Fig. 7: Inpainting of a Shanxi mural using the CAUGAN model.
figure 7

Note: This figure illustrates the inpainting process of a damaged Shanxi mural. The image data, originally obtained from page 29 of Volume 1 and page 7 of Volume 2 of the Shanxi Ancient Mural Masterpieces Collection, published by the Shanxi Economy Publishing House in 2016, has been digitized for subsequent analysis and research. a presents the Original Image, showing the mural with visible degradation and missing sections due to natural wear. b displays the Masked Image, where the damaged regions are highlighted and masked to prepare for restoration. c shows the Restored Result, where the inpainting has been successfully applied. As seen in (c), the damaged areas in the original Shanxi mural have been effectively reconstructed, demonstrating the CAUGAN model’s strong stability and effectiveness in restoring mural artwork. This process highlights the model’s ability to recover fine details and maintain visual coherence in complex mural restoration tasks.
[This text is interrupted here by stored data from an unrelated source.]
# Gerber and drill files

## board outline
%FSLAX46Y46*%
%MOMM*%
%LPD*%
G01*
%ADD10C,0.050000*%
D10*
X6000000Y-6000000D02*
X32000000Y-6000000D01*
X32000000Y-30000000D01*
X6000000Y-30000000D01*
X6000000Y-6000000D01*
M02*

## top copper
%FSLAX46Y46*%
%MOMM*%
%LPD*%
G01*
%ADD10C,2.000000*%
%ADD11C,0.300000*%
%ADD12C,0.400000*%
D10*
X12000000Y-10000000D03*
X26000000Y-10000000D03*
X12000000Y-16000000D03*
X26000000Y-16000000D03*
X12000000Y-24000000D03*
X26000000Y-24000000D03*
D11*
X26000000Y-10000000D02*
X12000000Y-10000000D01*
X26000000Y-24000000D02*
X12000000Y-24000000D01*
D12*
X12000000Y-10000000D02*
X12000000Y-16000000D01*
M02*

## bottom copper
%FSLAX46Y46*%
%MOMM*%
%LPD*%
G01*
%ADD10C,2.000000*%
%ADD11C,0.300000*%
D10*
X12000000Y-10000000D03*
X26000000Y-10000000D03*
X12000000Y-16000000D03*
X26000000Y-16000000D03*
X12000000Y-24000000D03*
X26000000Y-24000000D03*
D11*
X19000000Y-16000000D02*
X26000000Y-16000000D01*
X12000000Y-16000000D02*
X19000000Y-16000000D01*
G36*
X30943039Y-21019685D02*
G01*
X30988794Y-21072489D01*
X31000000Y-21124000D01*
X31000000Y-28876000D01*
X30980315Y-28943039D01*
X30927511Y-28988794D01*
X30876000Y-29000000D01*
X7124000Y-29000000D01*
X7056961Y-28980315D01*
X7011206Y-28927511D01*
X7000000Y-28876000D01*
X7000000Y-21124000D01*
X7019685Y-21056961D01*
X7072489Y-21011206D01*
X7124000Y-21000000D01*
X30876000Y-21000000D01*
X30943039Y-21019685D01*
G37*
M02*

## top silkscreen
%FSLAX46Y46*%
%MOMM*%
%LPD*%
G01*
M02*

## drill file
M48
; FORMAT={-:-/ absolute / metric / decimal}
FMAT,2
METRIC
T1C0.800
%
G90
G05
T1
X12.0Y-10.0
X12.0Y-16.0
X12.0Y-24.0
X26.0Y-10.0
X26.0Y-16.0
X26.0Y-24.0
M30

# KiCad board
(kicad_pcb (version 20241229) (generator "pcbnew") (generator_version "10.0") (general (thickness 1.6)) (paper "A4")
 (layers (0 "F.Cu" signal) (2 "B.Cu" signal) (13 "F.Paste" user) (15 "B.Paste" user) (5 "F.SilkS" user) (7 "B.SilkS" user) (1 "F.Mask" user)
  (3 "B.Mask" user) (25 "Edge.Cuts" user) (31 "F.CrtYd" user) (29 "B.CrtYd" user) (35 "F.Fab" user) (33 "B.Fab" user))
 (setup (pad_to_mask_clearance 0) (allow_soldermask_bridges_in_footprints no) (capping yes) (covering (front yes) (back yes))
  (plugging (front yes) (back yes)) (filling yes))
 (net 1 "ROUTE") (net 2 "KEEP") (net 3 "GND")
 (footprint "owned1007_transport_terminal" (layer "F.Cu") (at 12 10)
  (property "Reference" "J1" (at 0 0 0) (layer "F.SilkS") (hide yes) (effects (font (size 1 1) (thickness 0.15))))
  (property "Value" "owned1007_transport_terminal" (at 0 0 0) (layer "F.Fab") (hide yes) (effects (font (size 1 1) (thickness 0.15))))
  (pad "1" thru_hole circle (at 0 0) (size 2 2) (drill 0.8) (layers "*.Cu" "*.Mask") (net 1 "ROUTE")))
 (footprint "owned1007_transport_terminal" (layer "F.Cu") (at 26 10)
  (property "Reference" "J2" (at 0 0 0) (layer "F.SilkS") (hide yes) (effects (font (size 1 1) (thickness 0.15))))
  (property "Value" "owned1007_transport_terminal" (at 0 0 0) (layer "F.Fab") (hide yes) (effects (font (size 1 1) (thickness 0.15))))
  (pad "1" thru_hole circle (at 0 0) (size 2 2) (drill 0.8) (layers "*.Cu" "*.Mask") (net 1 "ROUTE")))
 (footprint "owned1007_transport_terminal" (layer "F.Cu") (at 12 16)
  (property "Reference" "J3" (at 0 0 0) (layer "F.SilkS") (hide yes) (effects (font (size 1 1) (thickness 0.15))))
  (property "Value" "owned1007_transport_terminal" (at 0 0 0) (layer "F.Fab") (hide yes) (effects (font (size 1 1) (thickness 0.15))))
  (pad "1" thru_hole circle (at 0 0) (size 2 2) (drill 0.8) (layers "*.Cu" "*.Mask") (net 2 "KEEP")))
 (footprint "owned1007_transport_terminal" (layer "F.Cu") (at 26 16)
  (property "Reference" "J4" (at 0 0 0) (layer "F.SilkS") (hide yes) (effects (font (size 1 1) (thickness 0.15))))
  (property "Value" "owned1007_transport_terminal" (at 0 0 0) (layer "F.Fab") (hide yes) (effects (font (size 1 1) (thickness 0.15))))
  (pad "1" thru_hole circle (at 0 0) (size 2 2) (drill 0.8) (layers "*.Cu" "*.Mask") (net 2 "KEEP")))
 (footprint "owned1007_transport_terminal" (layer "F.Cu") (at 12 24)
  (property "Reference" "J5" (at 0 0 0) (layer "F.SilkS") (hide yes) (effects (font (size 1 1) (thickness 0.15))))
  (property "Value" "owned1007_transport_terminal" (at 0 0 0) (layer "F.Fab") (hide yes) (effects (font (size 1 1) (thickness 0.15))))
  (pad "1" thru_hole circle (at 0 0) (size 2 2) (drill 0.8) (layers "*.Cu" "*.Mask") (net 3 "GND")))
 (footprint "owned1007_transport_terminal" (layer "F.Cu") (at 26 24)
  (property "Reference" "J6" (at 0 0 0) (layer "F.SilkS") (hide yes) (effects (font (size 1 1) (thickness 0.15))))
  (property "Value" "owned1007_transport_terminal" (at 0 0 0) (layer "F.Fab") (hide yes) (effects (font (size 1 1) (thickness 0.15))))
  (pad "1" thru_hole circle (at 0 0) (size 2 2) (drill 0.8) (layers "*.Cu" "*.Mask") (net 3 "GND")))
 (gr_rect (start 6 6) (end 32 30) (stroke (width 0.05) (type default)) (fill none) (layer "Edge.Cuts"))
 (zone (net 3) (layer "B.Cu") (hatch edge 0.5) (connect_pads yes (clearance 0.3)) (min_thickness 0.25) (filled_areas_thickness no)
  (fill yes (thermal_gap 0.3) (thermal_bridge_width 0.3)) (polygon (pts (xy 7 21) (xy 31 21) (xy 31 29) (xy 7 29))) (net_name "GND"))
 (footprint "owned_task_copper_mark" (layer "F.Cu") (at 10 28)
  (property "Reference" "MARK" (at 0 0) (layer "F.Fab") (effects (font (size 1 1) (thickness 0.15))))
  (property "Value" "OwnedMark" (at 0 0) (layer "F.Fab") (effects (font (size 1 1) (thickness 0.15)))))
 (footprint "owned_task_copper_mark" (layer "F.Cu") (at 13 28)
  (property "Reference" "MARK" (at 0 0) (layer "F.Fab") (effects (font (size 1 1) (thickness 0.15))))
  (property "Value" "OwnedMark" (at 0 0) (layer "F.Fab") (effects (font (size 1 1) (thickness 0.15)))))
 (segment (start 26 10) (end 12 10) (width 0.3) (layer "F.Cu") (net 1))
 (segment (start 19 16) (end 26 16) (width 0.3) (layer "B.Cu") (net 2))
 (segment (start 12 16) (end 19 16) (width 0.3) (layer "B.Cu") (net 2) (locked yes))
 (segment (start 26 24) (end 12 24) (width 0.3) (layer "F.Cu") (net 3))
 (segment (start 12 10) (end 12 16) (width 0.4) (layer "F.Cu") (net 1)))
Figure 7 illustrates the inpainting process: Fig. 7(a) showing the original mural, Fig. 7(b) displaying the masked image, and Fig. 7(c) presenting the restored result. As observed in Fig. 7(c), the damaged areas in the original mural have been effectively repaired. This demonstrates that the CAUGAN model exhibits strong stability in the image inpainting task.

Disscussion

In this study, we propose an image inpainting model with CAAT block and U-Net-based discriminator for restoring ancient mural paintings image. The model enhances traditional GANs by leveraging the CAAT block, which captures more information for improved image generation, and by utilizing a U-Net-based discriminator to guide the generator in producing more realistic fresco inpainting. Due to the scarcity of publicly available datasets, we created the DunHuang-Mural dataset, comprising 7983 high-resolution images. Focused on the Dunhuang murals, this dataset serves as a valuable resource for advancing research in mural inpainting and preservation, offering significant potential for furthering studies in this field.
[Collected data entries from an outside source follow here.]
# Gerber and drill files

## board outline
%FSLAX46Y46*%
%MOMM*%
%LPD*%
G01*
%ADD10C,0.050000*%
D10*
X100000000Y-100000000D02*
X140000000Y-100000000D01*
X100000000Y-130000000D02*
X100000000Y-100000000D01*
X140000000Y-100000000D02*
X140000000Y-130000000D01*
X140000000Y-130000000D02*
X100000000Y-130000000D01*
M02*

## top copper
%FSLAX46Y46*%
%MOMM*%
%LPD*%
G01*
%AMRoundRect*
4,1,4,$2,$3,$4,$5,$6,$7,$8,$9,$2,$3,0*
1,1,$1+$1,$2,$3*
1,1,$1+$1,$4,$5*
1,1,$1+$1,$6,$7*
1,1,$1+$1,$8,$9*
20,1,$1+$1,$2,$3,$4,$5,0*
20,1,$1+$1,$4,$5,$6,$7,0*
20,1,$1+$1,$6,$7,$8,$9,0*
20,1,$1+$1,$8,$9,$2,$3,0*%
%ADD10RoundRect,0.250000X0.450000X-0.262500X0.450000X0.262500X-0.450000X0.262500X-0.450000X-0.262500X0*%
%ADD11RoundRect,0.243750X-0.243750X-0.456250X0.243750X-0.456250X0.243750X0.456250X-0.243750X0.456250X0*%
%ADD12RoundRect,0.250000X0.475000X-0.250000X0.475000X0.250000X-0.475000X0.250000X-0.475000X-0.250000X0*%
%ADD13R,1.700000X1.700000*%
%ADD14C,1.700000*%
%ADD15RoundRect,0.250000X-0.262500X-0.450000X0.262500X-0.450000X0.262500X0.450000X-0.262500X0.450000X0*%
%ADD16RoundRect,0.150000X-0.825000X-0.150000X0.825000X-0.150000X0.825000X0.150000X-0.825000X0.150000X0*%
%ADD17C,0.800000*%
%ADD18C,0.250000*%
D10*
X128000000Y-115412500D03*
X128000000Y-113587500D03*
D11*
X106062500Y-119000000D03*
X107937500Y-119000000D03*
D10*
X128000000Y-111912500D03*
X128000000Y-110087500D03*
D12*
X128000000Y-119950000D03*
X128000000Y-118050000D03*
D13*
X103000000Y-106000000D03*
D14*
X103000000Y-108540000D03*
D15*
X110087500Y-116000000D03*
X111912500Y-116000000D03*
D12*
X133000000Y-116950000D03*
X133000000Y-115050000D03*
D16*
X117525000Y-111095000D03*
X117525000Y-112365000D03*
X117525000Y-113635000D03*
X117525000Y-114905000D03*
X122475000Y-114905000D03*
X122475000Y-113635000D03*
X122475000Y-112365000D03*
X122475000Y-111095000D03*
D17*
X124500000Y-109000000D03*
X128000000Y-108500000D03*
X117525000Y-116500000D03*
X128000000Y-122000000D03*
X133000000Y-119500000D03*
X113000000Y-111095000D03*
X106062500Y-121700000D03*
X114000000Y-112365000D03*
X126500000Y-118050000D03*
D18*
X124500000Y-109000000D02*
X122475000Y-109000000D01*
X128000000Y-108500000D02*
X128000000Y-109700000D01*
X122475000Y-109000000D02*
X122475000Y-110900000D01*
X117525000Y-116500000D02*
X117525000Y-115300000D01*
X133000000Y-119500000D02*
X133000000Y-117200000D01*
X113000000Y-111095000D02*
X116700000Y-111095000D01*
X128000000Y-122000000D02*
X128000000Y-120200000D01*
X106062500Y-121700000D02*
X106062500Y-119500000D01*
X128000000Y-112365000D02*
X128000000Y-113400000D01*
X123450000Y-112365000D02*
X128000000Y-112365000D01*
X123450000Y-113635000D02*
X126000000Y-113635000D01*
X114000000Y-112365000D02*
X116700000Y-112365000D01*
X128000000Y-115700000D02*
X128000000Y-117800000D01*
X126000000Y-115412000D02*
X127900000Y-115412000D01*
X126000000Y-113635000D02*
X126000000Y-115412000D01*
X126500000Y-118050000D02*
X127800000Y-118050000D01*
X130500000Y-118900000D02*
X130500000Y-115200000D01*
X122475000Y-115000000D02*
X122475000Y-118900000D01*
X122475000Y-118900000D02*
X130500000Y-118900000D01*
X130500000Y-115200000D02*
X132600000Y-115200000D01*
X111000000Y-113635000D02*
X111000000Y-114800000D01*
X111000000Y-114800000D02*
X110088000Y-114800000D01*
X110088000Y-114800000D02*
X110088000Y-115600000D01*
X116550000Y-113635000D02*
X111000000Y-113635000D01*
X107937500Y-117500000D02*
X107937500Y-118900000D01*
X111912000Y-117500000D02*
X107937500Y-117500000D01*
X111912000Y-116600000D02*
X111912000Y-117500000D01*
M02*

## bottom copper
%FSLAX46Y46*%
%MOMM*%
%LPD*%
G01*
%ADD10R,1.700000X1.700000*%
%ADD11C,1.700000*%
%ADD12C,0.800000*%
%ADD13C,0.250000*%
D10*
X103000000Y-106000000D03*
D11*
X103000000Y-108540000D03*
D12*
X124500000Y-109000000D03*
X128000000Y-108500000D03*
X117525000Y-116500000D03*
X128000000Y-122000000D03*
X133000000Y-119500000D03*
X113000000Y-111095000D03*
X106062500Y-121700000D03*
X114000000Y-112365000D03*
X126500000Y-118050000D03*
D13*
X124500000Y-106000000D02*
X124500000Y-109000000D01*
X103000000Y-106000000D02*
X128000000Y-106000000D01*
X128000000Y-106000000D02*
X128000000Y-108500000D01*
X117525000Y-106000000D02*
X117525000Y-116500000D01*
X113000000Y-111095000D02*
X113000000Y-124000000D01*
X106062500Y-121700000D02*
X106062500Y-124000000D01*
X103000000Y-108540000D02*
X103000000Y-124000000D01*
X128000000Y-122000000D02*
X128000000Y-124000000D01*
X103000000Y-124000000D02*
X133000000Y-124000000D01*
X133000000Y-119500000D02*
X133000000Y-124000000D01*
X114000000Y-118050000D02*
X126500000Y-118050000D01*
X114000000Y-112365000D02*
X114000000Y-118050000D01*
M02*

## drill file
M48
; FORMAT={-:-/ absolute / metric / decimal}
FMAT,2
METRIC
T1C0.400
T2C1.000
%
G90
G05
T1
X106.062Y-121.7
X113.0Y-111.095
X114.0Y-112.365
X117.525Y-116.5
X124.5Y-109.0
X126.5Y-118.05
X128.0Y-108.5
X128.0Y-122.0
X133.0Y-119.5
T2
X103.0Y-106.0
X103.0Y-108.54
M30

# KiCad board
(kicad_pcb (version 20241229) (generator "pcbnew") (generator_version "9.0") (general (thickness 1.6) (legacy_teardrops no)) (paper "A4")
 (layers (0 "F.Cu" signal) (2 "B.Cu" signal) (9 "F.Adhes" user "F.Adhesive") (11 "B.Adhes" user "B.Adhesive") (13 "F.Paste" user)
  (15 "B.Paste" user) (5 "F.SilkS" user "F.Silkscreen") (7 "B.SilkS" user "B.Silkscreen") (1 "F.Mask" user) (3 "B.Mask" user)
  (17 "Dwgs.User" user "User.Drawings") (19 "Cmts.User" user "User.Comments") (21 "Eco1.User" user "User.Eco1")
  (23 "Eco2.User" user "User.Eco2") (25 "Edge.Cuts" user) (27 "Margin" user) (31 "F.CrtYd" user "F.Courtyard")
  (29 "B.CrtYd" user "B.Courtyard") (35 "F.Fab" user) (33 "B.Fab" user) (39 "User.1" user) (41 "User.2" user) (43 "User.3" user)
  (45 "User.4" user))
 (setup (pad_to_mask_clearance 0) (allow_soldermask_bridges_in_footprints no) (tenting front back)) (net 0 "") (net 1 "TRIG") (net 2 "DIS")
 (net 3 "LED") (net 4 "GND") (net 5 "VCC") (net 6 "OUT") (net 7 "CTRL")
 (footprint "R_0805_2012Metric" (layer "F.Cu") (at 128 114.5 90)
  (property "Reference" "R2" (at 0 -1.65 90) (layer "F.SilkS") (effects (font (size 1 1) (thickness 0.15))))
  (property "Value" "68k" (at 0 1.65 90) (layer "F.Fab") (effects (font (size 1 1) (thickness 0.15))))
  (pad "1" smd roundrect (at -0.9125 0 90) (size 1.025 1.4) (layers "F.Cu" "F.Mask" "F.Paste") (roundrect_rratio 0.243902) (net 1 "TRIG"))
  (pad "2" smd roundrect (at 0.9125 0 90) (size 1.025 1.4) (layers "F.Cu" "F.Mask" "F.Paste") (roundrect_rratio 0.243902) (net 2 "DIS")))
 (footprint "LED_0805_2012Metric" (layer "F.Cu") (at 107 119)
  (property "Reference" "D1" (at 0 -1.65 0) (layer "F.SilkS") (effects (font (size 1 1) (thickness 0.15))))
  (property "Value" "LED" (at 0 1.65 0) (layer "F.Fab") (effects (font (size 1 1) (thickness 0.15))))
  (pad "1" smd roundrect (at -0.9375 0) (size 0.975 1.4) (layers "F.Cu" "F.Mask" "F.Paste") (roundrect_rratio 0.25) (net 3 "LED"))
  (pad "2" smd roundrect (at 0.9375 0) (size 0.975 1.4) (layers "F.Cu" "F.Mask" "F.Paste") (roundrect_rratio 0.25) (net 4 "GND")))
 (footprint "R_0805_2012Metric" (layer "F.Cu") (at 128 111 90)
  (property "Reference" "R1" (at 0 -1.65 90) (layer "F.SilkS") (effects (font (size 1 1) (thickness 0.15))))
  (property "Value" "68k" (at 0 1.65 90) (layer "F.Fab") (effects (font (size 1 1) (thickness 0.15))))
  (pad "1" smd roundrect (at -0.9125 0 90) (size 1.025 1.4) (layers "F.Cu" "F.Mask" "F.Paste") (roundrect_rratio 0.243902) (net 2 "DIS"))
  (pad "2" smd roundrect (at 0.9125 0 90) (size 1.025 1.4) (layers "F.Cu" "F.Mask" "F.Paste") (roundrect_rratio 0.243902) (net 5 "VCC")))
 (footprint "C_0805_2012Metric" (layer "F.Cu") (at 128 119 90)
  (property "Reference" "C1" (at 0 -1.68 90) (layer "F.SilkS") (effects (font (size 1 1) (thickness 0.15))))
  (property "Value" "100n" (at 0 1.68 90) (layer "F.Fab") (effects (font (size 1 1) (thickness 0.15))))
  (pad "1" smd roundrect (at -0.95 0 90) (size 1 1.45) (layers "F.Cu" "F.Mask" "F.Paste") (roundrect_rratio 0.25) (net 4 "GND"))
  (pad "2" smd roundrect (at 0.95 0 90) (size 1 1.45) (layers "F.Cu" "F.Mask" "F.Paste") (roundrect_rratio 0.25) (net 1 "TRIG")))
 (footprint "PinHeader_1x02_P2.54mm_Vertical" (layer "F.Cu") (at 103 106)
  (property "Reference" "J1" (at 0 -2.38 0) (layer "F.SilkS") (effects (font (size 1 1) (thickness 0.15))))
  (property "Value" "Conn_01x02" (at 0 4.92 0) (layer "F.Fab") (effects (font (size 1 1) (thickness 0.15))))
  (pad "1" thru_hole rect (at 0 0) (size 1.7 1.7) (drill 1) (layers "*.Cu" "*.Mask") (remove_unused_layers no) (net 5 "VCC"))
To evaluate the effectiveness of our proposed model, we conducted a series of inpainting experiments on damaged mural images. The results demonstrate that the CAUGAN model outperforms several widely used models, including PConv, GatedConv, and PDGAN, in terms of key performance metrics such as PSNR, SSIM, and FID. This enhanced performance can be attributed to the integration of two key components: the CAAT module and the U-Net-based discriminator. The CAAT module enhances the inpainting process by preserving positional and spatial information, enabling the model to restore distant regions more accurately. This results in restored content that is both realistic and contextually coherent, significantly enhancing the quality of the restored mural images. Meanwhile, the U-Net-based discriminator contributes to improved image quality by performing both global and local assessments of image authenticity. This dual-level evaluation mechanism helps to reduce pixel-level blurriness and enhances the visual coherence of the restored regions. Together, these components enable the generation of more accurate, detailed, and visually appealing mural inpainting.

In addition to its effectiveness on the DunHuang-Mural dataset, the model also demonstrated excellent inpainting results when applied to mural images from Shanxi temples, further validating its versatility and robustness. These results highlight the potential of the CAUGAN model for broader applications in mural inpainting and cultural heritage preservation, offering a powerful tool for the inpainting of diverse types of mural artworks.

Despite the strong performance of our model, it has some limitations, particularly when dealing with large and complex missing regions in mural images. Murals often contain intricate patterns and symbolic elements, which can be difficult for the model to accurately capture, especially in areas with significant damage. This may lead to less precise inpainting in regions with significant missing content. To address this, future work should focus on improving the model’s ability to handle large-scale damage and enhance its contextual understanding for more accurate and coherent inpainting.